The architect gets in touch with SO MANY QUESTIONS. They visit the site, they ask for maps and boundaries and permissions. It takes about a month, but with new information in hand you can hand your new plan over to your contractors. They build your beautiful studio in time for the new grand opening—2 months’ after your original date.
Sure, the first plan was gorgeous and very quick… but it wasn’t actually possible from your starting point. That’s why we need to scope out our projects.t doesn’t matter how good a plan is, if it’s not rooted in reality it’s not going to work.
When you engage your Project Manager Mode to scope out your projects, you need to know where you are now, where you want to go, and what you need to get there. You can scope out your project in three steps…
- Brainstorm everything about this project on post-its, mind maps, or lists, e.g. tasks, deadlines, people involved, constraints, considerations.
- Look for any gaps.hat action do you need to take to fill in the gaps? Write down those actions.
- Is there anything here that’s unclear, or is there anything still lingering in the back of your mind? Write those down too!
This stage can be very quick, but for big projects can take years. Take your time, and use this as an opportunity to get all possibilities and potential barriers out in front of you. Then when you’re ready, you can make your plan…
You’ve laid out all of your pole-project ingredients, and now it’s time to put them together in three steps:
- Create some logic in your post-its, mind maps, or lists.
Working with the information you have in front of you, start to lay it out in a logical order or in logical groupings. You may have several concurrent mini-projects, strict deadlines, or changes to consider so remember that this is an iterative process. This step is about creating enough of a framework to support you in the next stage, so it doesn’t need to be perfect!
- Add your plan to your project management software (Seonaidh recommends Asana!)
This is a project, not a list of tasks, so using project management software will allow you to see the overview of this project and the tasks assigned to you.

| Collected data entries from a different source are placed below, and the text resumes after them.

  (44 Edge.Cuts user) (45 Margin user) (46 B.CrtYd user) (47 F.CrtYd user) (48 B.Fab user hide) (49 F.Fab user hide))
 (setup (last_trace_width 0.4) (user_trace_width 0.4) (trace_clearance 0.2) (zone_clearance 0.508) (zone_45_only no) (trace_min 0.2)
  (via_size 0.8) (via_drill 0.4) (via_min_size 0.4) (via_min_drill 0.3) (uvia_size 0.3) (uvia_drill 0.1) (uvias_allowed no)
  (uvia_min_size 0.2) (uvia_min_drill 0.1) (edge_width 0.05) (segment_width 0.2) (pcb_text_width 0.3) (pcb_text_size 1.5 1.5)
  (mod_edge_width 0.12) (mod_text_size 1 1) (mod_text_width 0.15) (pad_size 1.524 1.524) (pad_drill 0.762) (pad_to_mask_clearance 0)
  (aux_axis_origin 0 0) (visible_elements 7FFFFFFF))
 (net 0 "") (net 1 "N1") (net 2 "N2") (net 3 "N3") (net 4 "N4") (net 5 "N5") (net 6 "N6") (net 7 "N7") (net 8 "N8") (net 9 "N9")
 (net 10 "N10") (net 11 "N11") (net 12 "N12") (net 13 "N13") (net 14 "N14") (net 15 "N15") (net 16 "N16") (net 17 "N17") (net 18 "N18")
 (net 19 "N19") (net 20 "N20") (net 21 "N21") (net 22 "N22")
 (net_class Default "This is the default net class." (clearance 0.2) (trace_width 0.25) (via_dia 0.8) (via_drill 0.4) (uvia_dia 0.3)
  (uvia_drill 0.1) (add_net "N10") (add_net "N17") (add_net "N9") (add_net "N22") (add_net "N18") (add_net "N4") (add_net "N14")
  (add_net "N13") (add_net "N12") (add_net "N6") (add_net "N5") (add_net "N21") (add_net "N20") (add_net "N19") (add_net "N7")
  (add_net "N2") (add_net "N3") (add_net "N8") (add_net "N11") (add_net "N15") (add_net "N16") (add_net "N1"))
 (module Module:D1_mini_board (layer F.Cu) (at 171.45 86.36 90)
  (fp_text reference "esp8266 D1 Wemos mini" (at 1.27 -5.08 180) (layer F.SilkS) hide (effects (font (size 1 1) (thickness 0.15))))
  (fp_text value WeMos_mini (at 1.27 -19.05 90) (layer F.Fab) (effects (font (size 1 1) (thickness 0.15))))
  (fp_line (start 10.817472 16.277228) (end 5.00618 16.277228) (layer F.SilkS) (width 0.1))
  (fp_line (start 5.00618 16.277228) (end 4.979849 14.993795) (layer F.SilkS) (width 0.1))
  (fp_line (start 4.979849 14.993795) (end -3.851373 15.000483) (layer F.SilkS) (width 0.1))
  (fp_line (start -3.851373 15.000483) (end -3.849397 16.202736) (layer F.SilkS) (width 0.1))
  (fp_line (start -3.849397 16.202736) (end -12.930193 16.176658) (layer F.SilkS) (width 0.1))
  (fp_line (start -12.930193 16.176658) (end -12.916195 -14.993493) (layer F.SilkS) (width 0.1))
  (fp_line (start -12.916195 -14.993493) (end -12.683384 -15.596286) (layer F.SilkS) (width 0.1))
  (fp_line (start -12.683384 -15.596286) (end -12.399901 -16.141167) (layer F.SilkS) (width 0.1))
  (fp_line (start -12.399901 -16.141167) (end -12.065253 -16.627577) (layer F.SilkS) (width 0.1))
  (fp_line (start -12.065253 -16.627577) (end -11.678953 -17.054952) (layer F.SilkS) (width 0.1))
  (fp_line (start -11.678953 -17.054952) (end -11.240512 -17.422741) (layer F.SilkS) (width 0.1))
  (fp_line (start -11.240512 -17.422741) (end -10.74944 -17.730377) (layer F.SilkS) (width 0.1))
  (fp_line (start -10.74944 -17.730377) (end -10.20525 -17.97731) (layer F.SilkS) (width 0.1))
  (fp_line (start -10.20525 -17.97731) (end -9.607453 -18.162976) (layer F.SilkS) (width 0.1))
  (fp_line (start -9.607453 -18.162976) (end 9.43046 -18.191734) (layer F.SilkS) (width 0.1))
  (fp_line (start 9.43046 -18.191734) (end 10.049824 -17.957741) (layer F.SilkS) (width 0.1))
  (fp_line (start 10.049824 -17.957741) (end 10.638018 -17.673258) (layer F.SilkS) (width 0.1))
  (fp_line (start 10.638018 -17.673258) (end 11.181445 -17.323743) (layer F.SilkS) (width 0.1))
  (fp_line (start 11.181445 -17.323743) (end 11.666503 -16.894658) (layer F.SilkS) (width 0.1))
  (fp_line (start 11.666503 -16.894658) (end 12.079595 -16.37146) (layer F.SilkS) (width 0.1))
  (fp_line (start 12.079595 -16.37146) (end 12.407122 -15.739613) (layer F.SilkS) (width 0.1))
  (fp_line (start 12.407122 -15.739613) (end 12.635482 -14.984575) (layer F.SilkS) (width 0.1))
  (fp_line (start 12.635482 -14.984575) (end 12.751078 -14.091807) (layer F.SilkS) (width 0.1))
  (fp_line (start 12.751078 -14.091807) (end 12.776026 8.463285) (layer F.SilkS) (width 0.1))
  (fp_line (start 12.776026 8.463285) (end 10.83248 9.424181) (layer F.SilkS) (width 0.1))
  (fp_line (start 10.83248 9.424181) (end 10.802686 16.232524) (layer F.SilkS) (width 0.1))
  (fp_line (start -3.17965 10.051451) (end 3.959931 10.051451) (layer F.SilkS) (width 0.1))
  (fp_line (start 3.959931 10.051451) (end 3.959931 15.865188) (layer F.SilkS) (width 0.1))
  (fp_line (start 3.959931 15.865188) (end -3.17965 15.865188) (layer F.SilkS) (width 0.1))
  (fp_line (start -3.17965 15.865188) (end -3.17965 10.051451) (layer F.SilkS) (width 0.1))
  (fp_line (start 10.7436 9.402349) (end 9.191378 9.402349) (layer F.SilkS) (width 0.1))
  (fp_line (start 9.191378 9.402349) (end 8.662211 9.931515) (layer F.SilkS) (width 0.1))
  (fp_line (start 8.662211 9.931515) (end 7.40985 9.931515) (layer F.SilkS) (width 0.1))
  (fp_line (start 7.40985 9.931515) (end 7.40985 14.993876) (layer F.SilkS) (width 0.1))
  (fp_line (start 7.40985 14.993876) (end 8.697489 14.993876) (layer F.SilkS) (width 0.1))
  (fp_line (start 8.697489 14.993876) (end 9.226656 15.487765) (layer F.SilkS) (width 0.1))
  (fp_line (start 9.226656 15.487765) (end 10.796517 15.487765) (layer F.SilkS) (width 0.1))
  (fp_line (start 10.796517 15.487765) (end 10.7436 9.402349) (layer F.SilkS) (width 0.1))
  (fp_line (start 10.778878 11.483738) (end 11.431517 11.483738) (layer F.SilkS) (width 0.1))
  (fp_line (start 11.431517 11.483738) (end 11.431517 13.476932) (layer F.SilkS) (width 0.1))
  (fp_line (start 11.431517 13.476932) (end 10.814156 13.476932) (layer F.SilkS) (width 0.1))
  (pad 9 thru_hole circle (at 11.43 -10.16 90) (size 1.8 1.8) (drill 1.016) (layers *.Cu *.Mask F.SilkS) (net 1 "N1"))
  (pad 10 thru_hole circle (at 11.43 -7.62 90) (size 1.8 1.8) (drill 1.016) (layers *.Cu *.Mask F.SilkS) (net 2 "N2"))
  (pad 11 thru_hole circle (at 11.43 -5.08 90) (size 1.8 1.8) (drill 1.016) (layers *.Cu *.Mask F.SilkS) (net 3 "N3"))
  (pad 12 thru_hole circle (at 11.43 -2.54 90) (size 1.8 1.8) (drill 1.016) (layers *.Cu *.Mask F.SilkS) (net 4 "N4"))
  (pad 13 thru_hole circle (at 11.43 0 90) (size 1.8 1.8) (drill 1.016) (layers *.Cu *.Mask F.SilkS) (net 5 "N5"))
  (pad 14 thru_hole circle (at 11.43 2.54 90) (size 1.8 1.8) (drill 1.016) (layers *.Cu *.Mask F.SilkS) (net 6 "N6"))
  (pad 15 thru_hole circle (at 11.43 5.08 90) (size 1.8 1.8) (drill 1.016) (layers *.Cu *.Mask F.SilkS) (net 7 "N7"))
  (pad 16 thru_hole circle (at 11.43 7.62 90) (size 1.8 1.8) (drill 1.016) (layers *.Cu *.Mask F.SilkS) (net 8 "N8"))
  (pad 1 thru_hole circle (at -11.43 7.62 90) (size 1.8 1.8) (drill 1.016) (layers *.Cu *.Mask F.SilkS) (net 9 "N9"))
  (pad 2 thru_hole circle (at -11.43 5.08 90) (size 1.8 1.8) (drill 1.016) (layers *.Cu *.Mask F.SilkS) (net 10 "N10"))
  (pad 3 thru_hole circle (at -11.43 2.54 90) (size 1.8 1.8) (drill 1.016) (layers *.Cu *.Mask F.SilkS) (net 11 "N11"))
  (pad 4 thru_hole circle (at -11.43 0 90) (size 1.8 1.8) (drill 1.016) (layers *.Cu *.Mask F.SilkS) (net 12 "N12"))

Create a space for your project and start adding your tasks, milestones, and decisions. During this stage your Project Manager Mode is making instructions for “future you” to follow. To make it as easy as possible to follow, make sure each task is an instruction to take a specific action and has a clear deadline. You need to know exactly what each task means from the title alone (the amount of detail you will need varies from person to person).
- Sense check your plan and tweak if needed.
Once you’ve got your first draft, make sure you have enough time to deliver the tasks assigned to each week. If not, adjust the dates. Check both in this project and against any other projects you have on the go.Asana allows you to toggle between individual projects and all of your assigned tasks so you can get a sense for your workload each week.
Planning in Asana Top Tips!
- Make sure each task has a due date and assigned person.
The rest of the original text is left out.